Extended Dynamic Mode Decomposition, embedded in the Koopman framework, is a widely-applied technique to predict the evolution of an observable along the flow of a dynamical control system. However, despite its popularity, the error analysis is still fragmentary. We provide a complete and rigorous analysis for control-affine systems by splitting up the approximation error into the projection and estimation error resulting from the finite dictionary size [3] and the finite amount of i.i.d. data used to generate the surrogate model [1]. If time permits, an extension towards reproducible kernel Hilbert spaces is indicated, see [2] for details. Then, the usefulness of the derived surrogate model for predictive control of non-holonomic systems is demonstrated based on experimental data.
References
[1] Feliks Nüske, Sebastian Peitz, Friedrich Philipp, Manuel Schaller, and Karl Worthmann. Finite-data error bounds for Koopman-based prediction and control. Journal of Nonlinear Science, 33:14, 2023.

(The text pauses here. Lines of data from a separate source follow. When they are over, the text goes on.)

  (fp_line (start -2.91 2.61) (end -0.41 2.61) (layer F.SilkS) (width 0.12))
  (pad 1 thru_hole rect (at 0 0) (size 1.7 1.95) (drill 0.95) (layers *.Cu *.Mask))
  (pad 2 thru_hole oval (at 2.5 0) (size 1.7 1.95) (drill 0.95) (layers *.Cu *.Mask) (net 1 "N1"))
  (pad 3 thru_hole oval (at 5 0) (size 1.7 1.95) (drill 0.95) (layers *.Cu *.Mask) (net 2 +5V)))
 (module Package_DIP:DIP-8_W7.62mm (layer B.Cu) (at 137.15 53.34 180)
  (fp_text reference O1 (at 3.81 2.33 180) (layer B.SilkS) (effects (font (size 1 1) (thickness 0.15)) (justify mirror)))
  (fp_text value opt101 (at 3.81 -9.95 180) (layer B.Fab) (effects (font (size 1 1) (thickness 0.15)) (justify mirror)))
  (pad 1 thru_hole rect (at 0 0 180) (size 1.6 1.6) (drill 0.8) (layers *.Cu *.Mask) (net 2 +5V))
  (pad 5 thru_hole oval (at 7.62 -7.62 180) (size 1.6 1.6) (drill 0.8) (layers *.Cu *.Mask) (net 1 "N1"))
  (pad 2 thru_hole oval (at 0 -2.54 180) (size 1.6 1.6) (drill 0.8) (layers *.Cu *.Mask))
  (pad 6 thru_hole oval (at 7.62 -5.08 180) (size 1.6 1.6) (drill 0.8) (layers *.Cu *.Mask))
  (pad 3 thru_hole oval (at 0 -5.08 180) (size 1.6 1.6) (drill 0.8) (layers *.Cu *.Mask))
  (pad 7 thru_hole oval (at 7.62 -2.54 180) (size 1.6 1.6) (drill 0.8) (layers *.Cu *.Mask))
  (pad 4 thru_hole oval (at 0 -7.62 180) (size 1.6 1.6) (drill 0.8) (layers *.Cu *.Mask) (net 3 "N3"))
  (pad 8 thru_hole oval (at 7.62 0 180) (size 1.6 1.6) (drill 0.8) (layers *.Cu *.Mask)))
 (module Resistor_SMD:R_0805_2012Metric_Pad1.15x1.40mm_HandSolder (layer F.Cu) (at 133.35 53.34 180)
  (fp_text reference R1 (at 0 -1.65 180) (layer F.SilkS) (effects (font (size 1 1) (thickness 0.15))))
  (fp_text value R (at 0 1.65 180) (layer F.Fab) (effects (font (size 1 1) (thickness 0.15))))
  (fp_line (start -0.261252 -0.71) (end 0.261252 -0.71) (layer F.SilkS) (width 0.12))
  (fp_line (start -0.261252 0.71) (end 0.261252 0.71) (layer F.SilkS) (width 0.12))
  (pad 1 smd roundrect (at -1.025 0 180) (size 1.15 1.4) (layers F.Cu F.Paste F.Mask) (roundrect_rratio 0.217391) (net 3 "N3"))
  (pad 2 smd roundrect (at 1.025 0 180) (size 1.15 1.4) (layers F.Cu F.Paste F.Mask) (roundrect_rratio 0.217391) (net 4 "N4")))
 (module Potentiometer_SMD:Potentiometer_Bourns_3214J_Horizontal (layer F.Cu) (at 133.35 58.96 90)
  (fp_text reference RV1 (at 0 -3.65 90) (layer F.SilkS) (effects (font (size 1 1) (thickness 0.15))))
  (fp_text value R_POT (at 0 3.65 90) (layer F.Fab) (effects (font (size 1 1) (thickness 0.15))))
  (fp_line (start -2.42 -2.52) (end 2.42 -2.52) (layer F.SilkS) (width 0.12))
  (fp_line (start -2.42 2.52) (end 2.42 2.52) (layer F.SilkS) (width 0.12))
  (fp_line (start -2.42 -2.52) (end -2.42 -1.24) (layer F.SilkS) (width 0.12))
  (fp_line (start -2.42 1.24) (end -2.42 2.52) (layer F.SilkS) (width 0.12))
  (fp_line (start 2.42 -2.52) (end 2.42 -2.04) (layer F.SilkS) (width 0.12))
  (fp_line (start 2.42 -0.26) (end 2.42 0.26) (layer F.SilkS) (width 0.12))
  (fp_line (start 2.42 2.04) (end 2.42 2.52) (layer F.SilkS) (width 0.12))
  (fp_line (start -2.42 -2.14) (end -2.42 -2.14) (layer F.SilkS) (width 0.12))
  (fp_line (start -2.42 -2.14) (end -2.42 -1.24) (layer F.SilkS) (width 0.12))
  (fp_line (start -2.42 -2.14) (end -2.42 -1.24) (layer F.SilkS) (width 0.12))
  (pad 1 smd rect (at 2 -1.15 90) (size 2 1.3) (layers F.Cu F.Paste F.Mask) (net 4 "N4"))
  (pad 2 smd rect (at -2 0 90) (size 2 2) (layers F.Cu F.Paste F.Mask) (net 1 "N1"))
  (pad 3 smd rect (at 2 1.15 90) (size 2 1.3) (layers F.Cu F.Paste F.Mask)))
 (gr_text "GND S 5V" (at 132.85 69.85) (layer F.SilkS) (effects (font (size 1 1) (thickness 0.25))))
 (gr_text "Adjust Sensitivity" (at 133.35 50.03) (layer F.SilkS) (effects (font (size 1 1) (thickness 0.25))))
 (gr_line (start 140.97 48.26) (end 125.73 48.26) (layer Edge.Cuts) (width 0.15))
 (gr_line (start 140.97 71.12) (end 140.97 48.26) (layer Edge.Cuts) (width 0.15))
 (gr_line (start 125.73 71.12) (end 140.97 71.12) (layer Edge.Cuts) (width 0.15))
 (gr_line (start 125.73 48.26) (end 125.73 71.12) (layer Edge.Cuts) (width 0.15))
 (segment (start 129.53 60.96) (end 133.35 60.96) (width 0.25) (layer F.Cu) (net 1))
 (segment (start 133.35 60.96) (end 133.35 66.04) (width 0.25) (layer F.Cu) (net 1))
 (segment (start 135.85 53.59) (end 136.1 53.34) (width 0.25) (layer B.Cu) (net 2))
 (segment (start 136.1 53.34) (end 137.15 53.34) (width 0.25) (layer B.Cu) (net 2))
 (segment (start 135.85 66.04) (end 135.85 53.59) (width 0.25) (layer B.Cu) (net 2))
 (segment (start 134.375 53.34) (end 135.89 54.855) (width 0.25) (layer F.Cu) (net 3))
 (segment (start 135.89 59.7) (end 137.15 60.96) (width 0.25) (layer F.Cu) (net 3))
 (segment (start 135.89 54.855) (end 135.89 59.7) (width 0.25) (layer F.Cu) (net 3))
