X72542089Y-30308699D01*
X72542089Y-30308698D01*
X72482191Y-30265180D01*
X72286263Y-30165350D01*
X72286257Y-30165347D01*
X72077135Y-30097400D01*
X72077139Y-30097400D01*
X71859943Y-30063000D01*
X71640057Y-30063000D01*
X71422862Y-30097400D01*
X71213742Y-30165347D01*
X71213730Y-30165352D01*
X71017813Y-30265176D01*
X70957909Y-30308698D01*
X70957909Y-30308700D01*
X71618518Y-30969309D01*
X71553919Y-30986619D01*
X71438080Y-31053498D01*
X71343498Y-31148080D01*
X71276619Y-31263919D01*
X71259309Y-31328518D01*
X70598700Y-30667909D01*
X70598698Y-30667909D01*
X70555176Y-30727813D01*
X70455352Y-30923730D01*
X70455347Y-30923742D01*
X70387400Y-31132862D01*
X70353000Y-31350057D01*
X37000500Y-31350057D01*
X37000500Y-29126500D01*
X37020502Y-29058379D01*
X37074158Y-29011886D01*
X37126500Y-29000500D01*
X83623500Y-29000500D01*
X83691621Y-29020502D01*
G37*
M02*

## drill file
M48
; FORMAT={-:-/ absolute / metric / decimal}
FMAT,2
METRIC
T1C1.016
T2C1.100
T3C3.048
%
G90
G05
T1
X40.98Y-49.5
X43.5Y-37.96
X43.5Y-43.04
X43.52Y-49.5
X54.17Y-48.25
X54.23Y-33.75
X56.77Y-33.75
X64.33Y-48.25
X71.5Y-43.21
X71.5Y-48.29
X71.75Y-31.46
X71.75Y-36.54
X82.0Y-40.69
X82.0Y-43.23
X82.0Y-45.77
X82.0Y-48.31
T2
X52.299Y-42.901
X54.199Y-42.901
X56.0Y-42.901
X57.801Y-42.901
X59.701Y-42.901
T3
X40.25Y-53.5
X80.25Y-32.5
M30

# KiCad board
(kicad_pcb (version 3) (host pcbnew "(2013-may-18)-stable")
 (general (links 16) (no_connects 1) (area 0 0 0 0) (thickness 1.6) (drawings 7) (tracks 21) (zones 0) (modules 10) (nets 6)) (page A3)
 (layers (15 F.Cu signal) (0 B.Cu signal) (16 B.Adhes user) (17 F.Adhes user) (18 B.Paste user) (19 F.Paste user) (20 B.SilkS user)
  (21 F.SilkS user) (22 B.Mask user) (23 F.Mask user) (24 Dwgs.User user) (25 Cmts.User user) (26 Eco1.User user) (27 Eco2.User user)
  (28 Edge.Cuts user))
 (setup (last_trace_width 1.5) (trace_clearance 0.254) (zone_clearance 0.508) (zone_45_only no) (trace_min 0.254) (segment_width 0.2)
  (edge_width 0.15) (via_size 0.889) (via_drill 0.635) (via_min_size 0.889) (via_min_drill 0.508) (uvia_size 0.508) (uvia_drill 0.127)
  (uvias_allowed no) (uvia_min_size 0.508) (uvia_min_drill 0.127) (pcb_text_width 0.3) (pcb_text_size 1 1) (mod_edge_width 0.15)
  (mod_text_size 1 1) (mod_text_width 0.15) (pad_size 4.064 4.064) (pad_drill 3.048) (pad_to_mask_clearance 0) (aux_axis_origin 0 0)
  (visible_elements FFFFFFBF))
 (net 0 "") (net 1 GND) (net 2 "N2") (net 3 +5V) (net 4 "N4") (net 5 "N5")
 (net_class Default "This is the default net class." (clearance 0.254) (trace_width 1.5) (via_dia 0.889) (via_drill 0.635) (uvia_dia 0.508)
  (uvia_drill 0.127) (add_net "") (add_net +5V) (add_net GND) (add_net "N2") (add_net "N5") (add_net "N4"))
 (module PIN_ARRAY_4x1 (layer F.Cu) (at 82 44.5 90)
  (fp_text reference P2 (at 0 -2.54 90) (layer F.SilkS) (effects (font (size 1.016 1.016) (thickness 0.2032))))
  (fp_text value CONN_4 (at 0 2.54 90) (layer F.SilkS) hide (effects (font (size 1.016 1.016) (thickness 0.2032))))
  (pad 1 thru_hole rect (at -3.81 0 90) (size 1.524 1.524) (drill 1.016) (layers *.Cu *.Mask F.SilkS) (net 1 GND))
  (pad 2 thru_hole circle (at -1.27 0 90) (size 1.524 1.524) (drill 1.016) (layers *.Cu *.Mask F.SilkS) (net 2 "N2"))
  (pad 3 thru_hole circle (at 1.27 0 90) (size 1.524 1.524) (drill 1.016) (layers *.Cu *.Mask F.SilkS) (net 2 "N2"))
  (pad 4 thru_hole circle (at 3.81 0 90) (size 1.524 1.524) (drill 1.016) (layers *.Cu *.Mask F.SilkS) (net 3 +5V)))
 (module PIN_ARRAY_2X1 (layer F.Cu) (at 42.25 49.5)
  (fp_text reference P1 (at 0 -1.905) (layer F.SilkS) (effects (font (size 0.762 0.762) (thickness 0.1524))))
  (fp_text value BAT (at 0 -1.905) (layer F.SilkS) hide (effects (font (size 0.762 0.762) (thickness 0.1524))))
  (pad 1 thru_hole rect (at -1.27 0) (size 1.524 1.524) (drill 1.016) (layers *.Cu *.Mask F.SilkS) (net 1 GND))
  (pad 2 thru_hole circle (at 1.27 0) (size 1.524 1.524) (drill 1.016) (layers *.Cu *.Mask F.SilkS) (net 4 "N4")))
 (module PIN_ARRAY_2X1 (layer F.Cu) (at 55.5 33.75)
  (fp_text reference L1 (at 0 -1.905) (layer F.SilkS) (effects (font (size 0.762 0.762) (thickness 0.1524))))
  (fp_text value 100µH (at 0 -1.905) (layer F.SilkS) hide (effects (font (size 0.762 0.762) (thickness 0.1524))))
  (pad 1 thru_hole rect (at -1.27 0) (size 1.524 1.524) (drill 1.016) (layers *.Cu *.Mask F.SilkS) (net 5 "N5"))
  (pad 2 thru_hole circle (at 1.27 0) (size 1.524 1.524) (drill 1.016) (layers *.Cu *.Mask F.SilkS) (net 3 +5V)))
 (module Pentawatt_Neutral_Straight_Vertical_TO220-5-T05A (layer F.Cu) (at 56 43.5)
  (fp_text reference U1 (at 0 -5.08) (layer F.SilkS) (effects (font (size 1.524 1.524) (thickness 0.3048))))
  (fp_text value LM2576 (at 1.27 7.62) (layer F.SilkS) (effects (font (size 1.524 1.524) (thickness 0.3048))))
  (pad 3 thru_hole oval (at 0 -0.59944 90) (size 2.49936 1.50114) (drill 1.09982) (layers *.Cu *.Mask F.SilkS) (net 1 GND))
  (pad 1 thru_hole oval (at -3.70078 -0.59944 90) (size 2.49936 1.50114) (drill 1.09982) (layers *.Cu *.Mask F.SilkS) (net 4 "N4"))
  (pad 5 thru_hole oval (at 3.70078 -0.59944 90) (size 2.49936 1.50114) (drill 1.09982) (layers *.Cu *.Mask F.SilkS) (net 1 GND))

[2] Friedrich Philipp, Manuel Schaller, Karl Worthmann, Sebastian Peitz, and Feliks Nüske. Error bounds for kernel-based approximations of the Koopman operator. 2023. arXiv preprint https://arxiv.org/abs/2301.08637.
[3] Manuel Schaller, Karl Worthmann, Friedrich Philipp, Sebastian Peitz, and Feliks Nüske. Towards reliable data-based optimal and predictive control using extended DMD. In Proc. 12th IFAC Symposium on Nonlinear Control
Systems, 2022. Accepted for publication, arXiv preprint arXiv:2202.09084.